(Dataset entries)
Content starts

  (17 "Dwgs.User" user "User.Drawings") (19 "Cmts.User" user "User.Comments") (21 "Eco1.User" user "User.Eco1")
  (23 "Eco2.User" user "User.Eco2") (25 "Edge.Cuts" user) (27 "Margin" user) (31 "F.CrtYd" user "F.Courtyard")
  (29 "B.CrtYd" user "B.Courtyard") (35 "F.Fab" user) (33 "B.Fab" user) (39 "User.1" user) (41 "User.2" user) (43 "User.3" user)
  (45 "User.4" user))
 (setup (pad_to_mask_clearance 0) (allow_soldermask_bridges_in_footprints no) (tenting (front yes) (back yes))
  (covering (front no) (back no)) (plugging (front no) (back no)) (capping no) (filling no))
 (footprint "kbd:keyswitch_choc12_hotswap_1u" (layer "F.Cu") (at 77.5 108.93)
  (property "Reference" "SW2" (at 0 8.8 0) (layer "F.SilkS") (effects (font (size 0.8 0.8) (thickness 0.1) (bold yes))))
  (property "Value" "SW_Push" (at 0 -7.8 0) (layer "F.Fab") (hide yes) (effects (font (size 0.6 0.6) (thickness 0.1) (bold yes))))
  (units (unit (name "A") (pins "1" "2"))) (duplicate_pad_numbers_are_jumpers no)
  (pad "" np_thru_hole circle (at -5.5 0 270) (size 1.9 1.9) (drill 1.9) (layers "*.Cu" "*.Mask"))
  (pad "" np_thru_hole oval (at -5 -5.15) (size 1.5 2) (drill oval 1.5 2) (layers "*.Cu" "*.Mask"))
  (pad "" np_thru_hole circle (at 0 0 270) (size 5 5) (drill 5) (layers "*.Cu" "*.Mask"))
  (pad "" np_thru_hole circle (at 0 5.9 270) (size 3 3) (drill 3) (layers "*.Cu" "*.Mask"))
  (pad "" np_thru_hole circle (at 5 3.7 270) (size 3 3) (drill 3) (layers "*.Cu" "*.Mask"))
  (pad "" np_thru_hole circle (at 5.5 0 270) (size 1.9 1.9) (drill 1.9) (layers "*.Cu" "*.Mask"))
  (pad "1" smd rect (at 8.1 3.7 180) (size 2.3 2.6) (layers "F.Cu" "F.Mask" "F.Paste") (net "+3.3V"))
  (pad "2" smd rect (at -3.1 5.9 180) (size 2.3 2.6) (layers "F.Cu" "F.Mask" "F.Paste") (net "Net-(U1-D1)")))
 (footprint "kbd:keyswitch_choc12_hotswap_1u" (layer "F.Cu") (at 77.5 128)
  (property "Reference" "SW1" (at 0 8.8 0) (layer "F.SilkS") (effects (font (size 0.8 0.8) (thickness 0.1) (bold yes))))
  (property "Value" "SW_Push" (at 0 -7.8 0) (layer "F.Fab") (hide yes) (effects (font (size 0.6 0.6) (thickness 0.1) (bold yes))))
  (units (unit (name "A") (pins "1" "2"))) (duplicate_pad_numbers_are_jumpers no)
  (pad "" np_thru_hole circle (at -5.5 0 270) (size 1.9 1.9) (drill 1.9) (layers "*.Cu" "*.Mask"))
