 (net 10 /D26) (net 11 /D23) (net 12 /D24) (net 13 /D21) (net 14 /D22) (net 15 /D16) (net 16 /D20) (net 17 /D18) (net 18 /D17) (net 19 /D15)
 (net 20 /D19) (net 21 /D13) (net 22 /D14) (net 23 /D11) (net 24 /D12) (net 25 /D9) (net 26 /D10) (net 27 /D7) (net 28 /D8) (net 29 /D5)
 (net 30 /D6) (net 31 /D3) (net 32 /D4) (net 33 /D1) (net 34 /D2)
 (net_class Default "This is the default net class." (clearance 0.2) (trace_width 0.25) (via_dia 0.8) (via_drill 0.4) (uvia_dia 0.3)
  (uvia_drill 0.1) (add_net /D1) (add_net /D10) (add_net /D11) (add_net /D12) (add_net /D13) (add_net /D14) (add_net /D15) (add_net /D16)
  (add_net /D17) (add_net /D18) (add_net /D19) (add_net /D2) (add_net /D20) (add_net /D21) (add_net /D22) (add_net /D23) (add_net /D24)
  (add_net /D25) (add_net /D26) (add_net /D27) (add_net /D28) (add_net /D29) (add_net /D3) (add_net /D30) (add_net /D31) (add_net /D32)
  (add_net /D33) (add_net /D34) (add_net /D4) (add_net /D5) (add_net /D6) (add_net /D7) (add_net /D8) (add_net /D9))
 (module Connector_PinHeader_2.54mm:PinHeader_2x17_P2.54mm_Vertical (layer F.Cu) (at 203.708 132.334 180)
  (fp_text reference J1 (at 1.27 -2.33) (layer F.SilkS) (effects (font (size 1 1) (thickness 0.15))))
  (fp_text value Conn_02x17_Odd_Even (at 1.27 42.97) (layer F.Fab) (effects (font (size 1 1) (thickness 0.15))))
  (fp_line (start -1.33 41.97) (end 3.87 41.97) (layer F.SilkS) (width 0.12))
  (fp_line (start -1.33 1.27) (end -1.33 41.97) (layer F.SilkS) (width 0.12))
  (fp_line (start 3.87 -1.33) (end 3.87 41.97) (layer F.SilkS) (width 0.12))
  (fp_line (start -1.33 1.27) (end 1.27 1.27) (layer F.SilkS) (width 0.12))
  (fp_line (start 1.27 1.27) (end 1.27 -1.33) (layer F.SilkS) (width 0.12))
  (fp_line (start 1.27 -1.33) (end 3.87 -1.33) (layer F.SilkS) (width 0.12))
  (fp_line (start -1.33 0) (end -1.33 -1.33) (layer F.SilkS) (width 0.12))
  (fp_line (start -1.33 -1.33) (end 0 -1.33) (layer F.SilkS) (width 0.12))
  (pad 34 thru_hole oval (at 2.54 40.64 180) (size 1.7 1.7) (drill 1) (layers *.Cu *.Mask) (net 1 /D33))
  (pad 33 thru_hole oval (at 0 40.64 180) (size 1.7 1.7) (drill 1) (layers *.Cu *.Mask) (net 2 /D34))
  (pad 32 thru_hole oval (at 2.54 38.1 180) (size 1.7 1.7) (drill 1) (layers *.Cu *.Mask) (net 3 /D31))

Content ends

(What is needed) Starting at the line that has "270) (size 5" and ending at the line that has "(net 10 /D26)", please write out the lines above exactly, leaving out all others.

(Answer to the exercise)
  (pad "" np_thru_hole circle (at 0 0 270) (size 5 5) (drill 5) (layers "*.Cu" "*.Mask"))
  (pad "" np_thru_hole circle (at 0 5.9 270) (size 3 3) (drill 3) (layers "*.Cu" "*.Mask"))
  (pad "" np_thru_hole circle (at 5 3.7 270) (size 3 3) (drill 3) (layers "*.Cu" "*.Mask"))
  (pad "" np_thru_hole circle (at 5.5 0 270) (size 1.9 1.9) (drill 1.9) (layers "*.Cu" "*.Mask"))
  (pad "1" smd rect (at 8.1 3.7 180) (size 2.3 2.6) (layers "F.Cu" "F.Mask" "F.Paste") (net "+3.3V"))
  (pad "2" smd rect (at -3.1 5.9 180) (size 2.3 2.6) (layers "F.Cu" "F.Mask" "F.Paste") (net "Net-(U1-D1)")))
 (footprint "kbd:keyswitch_choc12_hotswap_1u" (layer "F.Cu") (at 77.5 128)
  (property "Reference" "SW1" (at 0 8.8 0) (layer "F.SilkS") (effects (font (size 0.8 0.8) (thickness 0.1) (bold yes))))
  (property "Value" "SW_Push" (at 0 -7.8 0) (layer "F.Fab") (hide yes) (effects (font (size 0.6 0.6) (thickness 0.1) (bold yes))))
  (units (unit (name "A") (pins "1" "2"))) (duplicate_pad_numbers_are_jumpers no)
  (pad "" np_thru_hole circle (at -5.5 0 270) (size 1.9 1.9) (drill 1.9) (layers "*.Cu" "*.Mask"))
 (net 10 /D26) (net 11 /D23) (net 12 /D24) (net 13 /D21) (net 14 /D22) (net 15 /D16) (net 16 /D20) (net 17 /D18) (net 18 /D17) (net 19 /D15)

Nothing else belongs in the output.